Однажды они с Сашкой сидели на берегу Разлива и жарили на костре картошку. Они часто сюда удирали, обманув воспитателей. Сашка подул на угли, чтобы ярче разгорелся огонь. Зола посыпалась на расстеленную куртку Андрея. Сашка принялся трясти куртку и вытряс Катин портрет. Андрей быстро его поднял, бережно очистил от золы. В тот вечер, под мерное потрескивание костра, глядя на розовый закат, он, смущаясь, поведал товарищу свою тайну. Андрей думал, что Сашка будет над ним смеяться, но приятель смеяться не стал, наоборот, поддержал его и заговорщически сообщил, что ему тоже нравится одна девочка. С тех пор Андрей проникся к Сашке доверием.

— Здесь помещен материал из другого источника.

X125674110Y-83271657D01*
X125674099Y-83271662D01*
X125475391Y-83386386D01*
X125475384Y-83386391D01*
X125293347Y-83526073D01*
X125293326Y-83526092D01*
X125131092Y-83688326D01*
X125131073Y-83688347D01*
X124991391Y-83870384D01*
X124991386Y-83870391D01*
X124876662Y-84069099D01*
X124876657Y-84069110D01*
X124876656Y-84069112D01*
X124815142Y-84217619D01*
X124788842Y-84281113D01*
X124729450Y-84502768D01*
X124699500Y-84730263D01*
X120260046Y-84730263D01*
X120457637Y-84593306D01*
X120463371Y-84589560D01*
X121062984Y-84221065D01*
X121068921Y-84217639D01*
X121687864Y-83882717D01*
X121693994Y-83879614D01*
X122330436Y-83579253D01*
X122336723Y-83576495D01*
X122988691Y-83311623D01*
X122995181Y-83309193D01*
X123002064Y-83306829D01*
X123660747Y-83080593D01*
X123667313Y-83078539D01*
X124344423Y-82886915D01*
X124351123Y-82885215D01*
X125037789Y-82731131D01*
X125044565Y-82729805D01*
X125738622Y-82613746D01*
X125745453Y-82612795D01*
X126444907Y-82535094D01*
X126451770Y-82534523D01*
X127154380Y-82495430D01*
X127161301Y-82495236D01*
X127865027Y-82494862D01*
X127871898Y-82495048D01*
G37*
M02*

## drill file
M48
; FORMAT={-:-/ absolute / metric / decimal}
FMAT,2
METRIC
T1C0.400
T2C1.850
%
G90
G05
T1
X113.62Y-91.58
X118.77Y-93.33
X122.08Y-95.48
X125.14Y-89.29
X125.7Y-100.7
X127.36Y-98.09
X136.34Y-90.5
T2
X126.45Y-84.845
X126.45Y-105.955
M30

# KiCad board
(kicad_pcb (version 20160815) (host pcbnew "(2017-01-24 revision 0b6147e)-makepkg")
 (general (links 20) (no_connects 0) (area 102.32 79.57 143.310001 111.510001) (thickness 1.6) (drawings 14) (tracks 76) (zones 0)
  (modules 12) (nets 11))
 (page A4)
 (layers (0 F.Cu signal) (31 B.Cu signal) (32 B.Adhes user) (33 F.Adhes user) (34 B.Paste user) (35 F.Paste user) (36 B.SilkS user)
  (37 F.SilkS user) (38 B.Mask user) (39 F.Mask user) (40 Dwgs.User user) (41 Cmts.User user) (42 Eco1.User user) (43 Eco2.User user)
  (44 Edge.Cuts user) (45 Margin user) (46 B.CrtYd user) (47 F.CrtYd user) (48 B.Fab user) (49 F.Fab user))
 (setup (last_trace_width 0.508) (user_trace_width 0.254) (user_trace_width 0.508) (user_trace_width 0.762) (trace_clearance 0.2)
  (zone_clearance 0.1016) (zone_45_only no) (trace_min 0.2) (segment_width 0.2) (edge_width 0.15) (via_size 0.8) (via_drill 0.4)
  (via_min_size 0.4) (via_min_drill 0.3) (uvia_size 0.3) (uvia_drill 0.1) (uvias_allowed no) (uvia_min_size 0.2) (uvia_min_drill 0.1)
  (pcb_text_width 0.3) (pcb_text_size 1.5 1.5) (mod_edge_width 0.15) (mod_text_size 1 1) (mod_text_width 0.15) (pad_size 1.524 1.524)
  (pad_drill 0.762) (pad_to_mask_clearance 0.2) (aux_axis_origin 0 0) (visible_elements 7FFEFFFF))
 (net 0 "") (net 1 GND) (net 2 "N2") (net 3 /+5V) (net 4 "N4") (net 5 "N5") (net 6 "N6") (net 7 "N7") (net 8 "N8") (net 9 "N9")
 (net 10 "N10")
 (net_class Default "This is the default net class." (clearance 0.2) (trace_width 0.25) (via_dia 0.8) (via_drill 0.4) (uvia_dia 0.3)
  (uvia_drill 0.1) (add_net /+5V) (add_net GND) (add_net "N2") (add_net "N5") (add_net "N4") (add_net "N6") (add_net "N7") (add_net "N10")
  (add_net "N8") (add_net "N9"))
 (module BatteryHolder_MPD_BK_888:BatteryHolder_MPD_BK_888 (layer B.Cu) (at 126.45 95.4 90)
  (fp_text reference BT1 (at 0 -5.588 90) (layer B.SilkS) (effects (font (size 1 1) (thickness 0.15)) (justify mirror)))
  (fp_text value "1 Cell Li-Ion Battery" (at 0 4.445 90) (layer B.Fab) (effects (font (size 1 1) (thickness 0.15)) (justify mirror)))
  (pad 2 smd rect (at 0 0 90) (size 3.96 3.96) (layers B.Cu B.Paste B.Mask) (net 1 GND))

Рыжиков был в его глазах классным пацаном. Он лучше всех играл «в землю» своим легендарным ножом. Ножик этот, по словам Сашки, был заговоренным на удачу и поэтому никогда не подводил своего владельца. С деревянной ручкой, поверх нее приклеено органическое стекло. Сашка сам сделал этот ножик и очень им гордился. Андрею не нравилось числиться во втором эшелоне. Он натренировался в метании ножичка так, что будь здоров, и сумел-таки обыграть Сашку. На кон был поставлен Сашкин нож. «Выиграл – получи! – Рыжиков умел проигрывать с достоинством. – Я только дарственную надпись на нем сделаю: «Победителю от побежденного», как принято у волошу». Все знали о Сашкином увлечении африканскими диалектами, это был еще один предмет его гордости. В «нормальном» интернате учителем труда работал бывший спецназовец, который по долгу службы объехал полмира, он побывал во многих «горячих точках», в том числе и в Африке, где свирепствовали эпидемии страшных болезней. В интернат он пришел, уже став инвалидом. Все, чем он жил, – это выпивка и Африка. Трудовик, будучи в трезвом состоянии, с упоением читал обо всем, связанном с Черным континентом, раздобывал книги и журналы с заметками на африканскую тему. Он пытался заразить своим увлечением и ребят, на уроках по изготовлению табуреток он рассказывал им о традициях разных африканских племен. Ребята слушали, но из-за тяжелого характера учителя его многие побаивались. Рыжиков был единственным, кто ходил к трудовику и вне уроков – на «африканский факультатив». Левашов тоже хотел приобщиться к африканской культуре, но в их интернат чужих не пускали.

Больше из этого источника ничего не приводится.